Where the listing below has a line with "X149603600Y-52950000D02*", write out exactly that line and every line after it, stopping after the line with "X142400000Y-52812500D01*".

----- DATA PROVIDED -----

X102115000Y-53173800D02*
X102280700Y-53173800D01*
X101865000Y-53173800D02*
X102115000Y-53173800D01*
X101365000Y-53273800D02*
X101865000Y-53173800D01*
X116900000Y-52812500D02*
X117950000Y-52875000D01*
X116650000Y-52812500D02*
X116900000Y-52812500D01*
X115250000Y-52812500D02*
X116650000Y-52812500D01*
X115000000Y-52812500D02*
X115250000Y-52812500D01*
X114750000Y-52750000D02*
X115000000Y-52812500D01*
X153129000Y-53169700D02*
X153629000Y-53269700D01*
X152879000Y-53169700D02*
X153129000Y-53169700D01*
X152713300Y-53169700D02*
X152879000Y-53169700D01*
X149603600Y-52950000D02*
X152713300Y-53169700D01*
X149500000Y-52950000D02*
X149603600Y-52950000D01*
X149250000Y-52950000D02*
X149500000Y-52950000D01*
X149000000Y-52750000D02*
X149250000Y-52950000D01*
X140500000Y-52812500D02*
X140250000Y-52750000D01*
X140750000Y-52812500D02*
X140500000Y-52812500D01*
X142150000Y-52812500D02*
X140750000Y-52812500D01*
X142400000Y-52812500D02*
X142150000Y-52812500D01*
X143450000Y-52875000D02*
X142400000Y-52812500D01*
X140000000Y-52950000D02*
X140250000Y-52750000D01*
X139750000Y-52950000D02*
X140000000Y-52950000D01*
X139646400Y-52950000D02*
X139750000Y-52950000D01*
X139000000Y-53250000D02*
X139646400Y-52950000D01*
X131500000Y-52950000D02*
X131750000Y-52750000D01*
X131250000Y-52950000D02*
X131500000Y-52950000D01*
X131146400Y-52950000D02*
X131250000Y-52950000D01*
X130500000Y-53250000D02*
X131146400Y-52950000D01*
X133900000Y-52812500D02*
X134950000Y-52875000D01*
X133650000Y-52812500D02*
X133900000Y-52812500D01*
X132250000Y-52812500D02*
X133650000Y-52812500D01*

-----

== TASK SOLUTION ==
X149603600Y-52950000D02*
X152713300Y-53169700D01*
X149500000Y-52950000D02*
X149603600Y-52950000D01*
X149250000Y-52950000D02*
X149500000Y-52950000D01*
X149000000Y-52750000D02*
X149250000Y-52950000D01*
X140500000Y-52812500D02*
X140250000Y-52750000D01*
X140750000Y-52812500D02*
X140500000Y-52812500D01*
X142150000Y-52812500D02*
X140750000Y-52812500D01*
X142400000Y-52812500D02*
X142150000Y-52812500D01*
X143450000Y-52875000D02*
X142400000Y-52812500D01*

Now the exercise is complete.